Without looking forward to an extremity of this kind (which nevertheless ought not to be entirely out of sight), the common and continual mischiefs of the spirit of party are sufficient to make it the interest and duty of a wise people to discourage and restrain it.

It serves always to distract the public councils and enfeeble the public administration. It agitates the community with ill-founded jealousies and false alarms, kindles the animosity of one part against another, foments occasionally riot and insurrection. It opens the door to foreign influence and corruption, which finds a facilitated access to the government itself through the channels of party passions. Thus the policy and the will of one country are subjected to the policy and will of another.

There is an opinion that parties in free countries are useful checks upon the administration of the government and serve to keep alive the spirit of liberty. This within certain limits is probably true; and in governments of a monarchical cast, patriotism may look with indulgence, if not with favor, upon the spirit of party. But in those of the popular character, in governments purely elective, it is a spirit not to be encouraged. From their natural tendency, it is certain there will always be enough of that spirit for every salutary purpose. And there being constant danger of excess, the effort ought to be by force of public opinion, to mitigate and assuage it. A fire not to be quenched, it demands a uniform vigilance to prevent its bursting into a flame, lest, instead of warming, it should consume.

[xi]   Washington’s Farewell Address, 1796  http://www.yale.edu/lawweb/avalon/washing.htm
“The great rule of conduct for us in regard to foreign nations is in extending our commercial relations, to have with them as little political connection as possible. So far as we have already formed engagements, let them be fulfilled with perfect good faith. Here let us stop. Europe has a set of primary interests which to us have none; or a very remote relation. Hence she must be engaged in frequent controversies, the causes of which are essentially foreign to our concerns. Hence, therefore, it must be unwise in us to implicate ourselves by artificial ties in the ordinary vicissitudes of her politics, or the ordinary combinations and collisions of her friendships or enmities.

“Our detached and distant situation invites and enables us to pursue a different course. If we remain one people under an efficient government. the period is not far off when we may defy material injury from external annoyance; when we may take such an attitude as will cause the neutrality we may at any time resolve upon to be scrupulously respected; when belligerent nations, under the impossibility of making acquisitions upon us, will not lightly hazard the giving us provocation; when we may choose peace or war, as our interest, guided by justice, shall counsel.

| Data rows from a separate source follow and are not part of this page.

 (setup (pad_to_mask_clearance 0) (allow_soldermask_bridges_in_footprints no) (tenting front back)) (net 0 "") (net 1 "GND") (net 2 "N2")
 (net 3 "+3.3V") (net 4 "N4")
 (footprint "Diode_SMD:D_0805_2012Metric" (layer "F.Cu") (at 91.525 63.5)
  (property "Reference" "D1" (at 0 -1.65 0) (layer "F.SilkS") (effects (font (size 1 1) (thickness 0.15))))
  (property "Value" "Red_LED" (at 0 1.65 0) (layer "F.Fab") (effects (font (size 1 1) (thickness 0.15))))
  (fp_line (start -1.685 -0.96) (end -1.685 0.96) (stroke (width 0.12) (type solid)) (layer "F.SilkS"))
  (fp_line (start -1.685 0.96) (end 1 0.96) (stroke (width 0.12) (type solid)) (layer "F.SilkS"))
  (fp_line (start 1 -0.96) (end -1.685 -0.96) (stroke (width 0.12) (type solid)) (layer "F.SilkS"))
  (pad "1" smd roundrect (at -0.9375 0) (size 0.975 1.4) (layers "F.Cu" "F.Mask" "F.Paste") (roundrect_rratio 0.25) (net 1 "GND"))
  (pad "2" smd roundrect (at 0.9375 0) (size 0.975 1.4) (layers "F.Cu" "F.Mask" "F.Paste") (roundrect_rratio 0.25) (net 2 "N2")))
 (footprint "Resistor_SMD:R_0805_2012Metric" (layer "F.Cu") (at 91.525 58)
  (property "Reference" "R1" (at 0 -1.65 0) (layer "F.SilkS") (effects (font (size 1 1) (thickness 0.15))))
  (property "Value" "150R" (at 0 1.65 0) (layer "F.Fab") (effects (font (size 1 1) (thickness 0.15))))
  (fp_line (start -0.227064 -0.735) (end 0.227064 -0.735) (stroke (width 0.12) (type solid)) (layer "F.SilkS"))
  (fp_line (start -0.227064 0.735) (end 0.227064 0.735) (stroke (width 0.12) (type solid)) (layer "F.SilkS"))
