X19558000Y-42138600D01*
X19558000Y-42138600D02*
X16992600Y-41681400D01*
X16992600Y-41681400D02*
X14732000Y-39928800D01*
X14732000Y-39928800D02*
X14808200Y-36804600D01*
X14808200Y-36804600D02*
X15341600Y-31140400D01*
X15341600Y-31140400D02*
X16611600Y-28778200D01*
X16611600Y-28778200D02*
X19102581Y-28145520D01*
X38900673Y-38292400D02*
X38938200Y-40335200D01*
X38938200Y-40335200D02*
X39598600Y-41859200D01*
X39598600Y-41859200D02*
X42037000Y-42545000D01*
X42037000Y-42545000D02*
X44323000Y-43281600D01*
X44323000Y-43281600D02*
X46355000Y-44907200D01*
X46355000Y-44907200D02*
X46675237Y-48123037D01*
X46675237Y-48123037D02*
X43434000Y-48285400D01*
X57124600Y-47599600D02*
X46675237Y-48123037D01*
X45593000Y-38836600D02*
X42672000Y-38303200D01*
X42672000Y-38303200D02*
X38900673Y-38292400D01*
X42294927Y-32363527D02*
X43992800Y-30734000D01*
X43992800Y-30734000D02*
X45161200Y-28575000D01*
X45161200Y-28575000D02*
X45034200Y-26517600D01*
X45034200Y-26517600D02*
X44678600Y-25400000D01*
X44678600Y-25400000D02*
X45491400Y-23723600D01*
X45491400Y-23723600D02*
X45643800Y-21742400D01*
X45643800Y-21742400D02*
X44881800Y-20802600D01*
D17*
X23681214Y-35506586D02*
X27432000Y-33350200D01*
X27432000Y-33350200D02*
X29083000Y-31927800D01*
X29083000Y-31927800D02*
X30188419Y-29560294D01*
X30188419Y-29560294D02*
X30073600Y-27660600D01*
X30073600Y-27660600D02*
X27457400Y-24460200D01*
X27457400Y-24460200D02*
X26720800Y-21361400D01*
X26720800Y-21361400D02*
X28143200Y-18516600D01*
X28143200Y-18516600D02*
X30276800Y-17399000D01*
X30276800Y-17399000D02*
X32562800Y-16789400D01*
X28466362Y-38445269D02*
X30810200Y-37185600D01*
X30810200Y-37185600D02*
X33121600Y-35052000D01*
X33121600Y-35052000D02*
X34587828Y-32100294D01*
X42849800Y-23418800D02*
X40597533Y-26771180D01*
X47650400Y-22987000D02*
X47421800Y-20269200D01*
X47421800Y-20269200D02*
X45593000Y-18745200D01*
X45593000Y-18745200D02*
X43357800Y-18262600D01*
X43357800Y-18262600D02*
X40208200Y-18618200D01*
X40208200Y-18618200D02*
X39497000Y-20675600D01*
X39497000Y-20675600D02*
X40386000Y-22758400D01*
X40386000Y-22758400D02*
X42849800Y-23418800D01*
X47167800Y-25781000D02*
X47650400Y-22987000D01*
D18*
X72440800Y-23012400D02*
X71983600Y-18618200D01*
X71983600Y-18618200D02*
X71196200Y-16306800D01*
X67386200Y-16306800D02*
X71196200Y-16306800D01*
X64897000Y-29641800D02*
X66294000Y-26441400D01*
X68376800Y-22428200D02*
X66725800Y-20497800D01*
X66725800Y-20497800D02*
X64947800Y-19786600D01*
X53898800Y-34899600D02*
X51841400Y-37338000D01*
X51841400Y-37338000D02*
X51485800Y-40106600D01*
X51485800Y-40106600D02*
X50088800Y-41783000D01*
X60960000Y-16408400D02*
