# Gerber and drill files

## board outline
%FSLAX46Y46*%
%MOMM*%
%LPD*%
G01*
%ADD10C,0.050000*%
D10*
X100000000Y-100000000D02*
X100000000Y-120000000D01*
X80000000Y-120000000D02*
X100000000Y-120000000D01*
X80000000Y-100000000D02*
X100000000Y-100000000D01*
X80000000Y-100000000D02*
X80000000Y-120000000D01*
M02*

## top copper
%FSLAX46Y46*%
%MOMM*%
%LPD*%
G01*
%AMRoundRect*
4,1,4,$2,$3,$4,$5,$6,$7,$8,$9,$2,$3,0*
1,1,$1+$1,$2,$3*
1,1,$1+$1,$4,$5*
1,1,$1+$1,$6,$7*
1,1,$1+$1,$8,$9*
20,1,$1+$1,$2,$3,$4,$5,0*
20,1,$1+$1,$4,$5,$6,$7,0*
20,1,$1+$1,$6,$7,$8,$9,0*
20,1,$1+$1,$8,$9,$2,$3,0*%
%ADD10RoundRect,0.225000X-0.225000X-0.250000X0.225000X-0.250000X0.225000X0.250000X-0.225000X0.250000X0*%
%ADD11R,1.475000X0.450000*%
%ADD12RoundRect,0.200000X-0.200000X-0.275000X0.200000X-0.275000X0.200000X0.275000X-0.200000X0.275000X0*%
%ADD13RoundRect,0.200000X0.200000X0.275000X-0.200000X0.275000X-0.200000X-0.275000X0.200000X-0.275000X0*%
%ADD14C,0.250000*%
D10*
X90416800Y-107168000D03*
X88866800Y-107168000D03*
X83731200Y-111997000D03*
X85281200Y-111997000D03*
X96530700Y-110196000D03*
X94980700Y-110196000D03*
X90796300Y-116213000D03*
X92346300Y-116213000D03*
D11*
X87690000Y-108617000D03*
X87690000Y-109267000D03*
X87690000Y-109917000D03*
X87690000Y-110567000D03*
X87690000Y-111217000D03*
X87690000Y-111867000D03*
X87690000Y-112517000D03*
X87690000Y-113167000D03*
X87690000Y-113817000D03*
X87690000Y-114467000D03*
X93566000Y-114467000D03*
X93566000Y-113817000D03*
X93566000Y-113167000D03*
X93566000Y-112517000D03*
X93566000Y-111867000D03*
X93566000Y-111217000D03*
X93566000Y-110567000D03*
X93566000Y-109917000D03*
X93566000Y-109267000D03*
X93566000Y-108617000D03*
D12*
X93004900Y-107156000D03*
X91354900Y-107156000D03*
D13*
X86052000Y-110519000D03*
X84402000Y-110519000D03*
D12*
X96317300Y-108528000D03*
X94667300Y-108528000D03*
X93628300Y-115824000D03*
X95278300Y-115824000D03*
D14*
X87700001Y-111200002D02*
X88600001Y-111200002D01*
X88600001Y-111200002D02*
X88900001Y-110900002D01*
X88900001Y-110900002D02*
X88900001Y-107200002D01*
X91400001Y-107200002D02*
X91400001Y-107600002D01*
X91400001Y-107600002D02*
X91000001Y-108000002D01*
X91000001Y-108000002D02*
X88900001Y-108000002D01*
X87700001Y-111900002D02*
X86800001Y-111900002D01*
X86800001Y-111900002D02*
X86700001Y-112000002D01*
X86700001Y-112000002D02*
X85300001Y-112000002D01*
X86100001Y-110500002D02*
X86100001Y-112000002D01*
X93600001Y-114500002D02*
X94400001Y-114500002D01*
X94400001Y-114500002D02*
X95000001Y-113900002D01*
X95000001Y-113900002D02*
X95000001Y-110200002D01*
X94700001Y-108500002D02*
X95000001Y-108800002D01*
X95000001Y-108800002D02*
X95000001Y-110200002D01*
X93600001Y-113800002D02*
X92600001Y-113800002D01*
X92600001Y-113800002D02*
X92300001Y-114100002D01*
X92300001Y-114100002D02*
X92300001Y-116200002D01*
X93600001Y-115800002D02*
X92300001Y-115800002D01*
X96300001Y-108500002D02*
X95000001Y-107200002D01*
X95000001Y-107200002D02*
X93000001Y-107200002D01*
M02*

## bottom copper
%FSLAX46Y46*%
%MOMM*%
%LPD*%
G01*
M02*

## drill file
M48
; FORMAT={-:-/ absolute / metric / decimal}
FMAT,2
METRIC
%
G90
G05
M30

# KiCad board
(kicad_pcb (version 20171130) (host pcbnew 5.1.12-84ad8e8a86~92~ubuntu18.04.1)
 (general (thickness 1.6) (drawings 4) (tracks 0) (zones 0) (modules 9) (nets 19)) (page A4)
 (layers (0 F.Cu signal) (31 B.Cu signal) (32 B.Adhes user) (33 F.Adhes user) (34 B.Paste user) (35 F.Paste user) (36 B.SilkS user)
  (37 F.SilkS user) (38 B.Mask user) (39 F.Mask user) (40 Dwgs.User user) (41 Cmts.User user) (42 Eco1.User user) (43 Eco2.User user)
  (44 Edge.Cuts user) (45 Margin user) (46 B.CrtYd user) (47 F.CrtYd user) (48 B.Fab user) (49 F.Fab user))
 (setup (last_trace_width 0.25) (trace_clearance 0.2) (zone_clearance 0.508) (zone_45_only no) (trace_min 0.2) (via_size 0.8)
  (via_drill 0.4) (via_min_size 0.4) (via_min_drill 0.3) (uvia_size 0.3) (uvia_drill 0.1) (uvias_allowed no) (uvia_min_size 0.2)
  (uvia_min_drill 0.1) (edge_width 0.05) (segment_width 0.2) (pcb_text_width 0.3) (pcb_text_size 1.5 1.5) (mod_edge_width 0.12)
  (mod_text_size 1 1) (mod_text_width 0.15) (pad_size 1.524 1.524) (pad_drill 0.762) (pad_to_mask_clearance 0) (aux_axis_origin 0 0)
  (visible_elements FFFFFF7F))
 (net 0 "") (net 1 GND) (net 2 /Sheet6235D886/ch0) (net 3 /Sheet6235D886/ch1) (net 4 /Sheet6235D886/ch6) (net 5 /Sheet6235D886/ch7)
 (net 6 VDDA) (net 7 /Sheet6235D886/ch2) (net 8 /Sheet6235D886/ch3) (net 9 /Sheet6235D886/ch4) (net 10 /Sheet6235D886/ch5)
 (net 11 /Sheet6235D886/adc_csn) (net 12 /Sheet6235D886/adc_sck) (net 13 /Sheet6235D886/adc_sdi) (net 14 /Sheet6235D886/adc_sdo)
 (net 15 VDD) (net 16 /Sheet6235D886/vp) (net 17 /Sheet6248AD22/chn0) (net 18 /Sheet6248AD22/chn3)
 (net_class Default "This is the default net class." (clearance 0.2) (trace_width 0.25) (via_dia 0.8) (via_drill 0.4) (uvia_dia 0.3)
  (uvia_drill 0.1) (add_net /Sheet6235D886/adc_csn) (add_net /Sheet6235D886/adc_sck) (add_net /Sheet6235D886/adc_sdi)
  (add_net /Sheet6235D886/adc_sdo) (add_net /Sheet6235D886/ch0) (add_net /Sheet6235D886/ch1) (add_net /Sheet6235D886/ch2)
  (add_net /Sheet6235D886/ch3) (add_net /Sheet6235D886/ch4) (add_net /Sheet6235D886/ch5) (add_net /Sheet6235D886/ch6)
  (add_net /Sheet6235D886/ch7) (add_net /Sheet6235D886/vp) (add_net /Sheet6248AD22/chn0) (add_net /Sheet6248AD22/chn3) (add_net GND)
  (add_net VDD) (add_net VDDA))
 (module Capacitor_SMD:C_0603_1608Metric (layer F.Cu) (at 89.641800 107.168000)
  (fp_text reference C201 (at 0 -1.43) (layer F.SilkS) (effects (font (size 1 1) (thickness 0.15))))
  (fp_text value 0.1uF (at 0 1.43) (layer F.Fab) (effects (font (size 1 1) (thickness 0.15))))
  (pad 2 smd roundrect (at 0.775 0) (size 0.9 0.95) (layers F.Cu F.Mask F.Paste) (roundrect_rratio 0.25) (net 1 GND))
  (pad 1 smd roundrect (at -0.775 0) (size 0.9 0.95) (layers F.Cu F.Mask F.Paste) (roundrect_rratio 0.25) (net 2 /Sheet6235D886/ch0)))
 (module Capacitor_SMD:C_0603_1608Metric (layer F.Cu) (at 84.506200 111.997000)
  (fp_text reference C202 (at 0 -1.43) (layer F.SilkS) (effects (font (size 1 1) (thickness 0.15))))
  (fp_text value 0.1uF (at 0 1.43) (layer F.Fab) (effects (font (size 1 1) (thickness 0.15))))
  (pad 1 smd roundrect (at -0.775 0) (size 0.9 0.95) (layers F.Cu F.Mask F.Paste) (roundrect_rratio 0.25) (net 1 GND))
  (pad 2 smd roundrect (at 0.775 0) (size 0.9 0.95) (layers F.Cu F.Mask F.Paste) (roundrect_rratio 0.25) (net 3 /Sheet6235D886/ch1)))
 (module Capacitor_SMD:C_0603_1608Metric (layer F.Cu) (at 95.755700 110.196000)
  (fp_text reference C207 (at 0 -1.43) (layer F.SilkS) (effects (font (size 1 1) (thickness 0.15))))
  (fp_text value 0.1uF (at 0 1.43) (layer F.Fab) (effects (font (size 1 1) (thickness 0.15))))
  (pad 2 smd roundrect (at 0.775 0) (size 0.9 0.95) (layers F.Cu F.Mask F.Paste) (roundrect_rratio 0.25) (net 1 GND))
  (pad 1 smd roundrect (at -0.775 0) (size 0.9 0.95) (layers F.Cu F.Mask F.Paste) (roundrect_rratio 0.25) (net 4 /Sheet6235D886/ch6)))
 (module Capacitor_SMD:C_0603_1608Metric (layer F.Cu) (at 91.571300 116.213000)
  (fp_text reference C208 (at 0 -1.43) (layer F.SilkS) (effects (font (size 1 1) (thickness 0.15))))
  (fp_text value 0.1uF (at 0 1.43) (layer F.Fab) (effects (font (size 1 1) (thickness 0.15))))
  (pad 1 smd roundrect (at -0.775 0) (size 0.9 0.95) (layers F.Cu F.Mask F.Paste) (roundrect_rratio 0.25) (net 1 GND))
  (pad 2 smd roundrect (at 0.775 0) (size 0.9 0.95) (layers F.Cu F.Mask F.Paste) (roundrect_rratio 0.25) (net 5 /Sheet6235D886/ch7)))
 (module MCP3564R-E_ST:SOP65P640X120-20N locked (layer F.Cu) (at 90.628000 111.542000)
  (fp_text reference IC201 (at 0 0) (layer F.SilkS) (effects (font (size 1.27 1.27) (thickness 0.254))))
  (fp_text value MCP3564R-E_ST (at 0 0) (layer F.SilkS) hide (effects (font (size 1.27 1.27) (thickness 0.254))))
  (pad 1 smd rect (at -2.938 -2.925 90.000000) (size 0.45 1.475) (layers F.Cu F.Mask F.Paste) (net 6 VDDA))
  (pad 2 smd rect (at -2.938 -2.275 90.000000) (size 0.45 1.475) (layers F.Cu F.Mask F.Paste) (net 1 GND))
  (pad 3 smd rect (at -2.938 -1.625 90.000000) (size 0.45 1.475) (layers F.Cu F.Mask F.Paste) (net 1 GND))
  (pad 4 smd rect (at -2.938 -0.975 90.000000) (size 0.45 1.475) (layers F.Cu F.Mask F.Paste))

“Why forego the advantages of so peculiar a situation? Why quit our own to stand upon foreign ground? Why, by interweaving our destiny with that of any part of Europe, entangle our peace and prosperity in the toils of European ambition, rivalship, interest, humor or caprice?

“It is our true policy to steer clear of permanent alliances with any portion of the foreign world; so far, I mean, as we are now at liberty to do it; for let me not be understood as capable of patronizing infidelity to existing engagements. I hold the maxim no less applicable to public than to private affairs, that honesty is always the best policy. I repeat it, therefore, let those engagements be observed in their genuine sense. But, in my opinion, it is unnecessary and would be unwise to extend them.”

[xii]   “Circular Letter to Governors,” ibid, p. 144.

[xiii]   Washington's Farewell Address, 1796  http://www.yale.edu/lawweb/avalon/washing.htm

“Of all the dispositions and habits which lead to political prosperity, Religion and morality are indispensable supports.In vain would that man claim the tribute of Patriotism, who should labor to subvert these great Pillars of human happiness, these firmest props of the duties of Men and citizens... It is substantially true, that virtue or morality is a necessary spring of popular government.The rule indeed extends with more or less force to every species of free Government... Can it be, that Providence has not connected the permanent felicity of a Nation with its virtue?”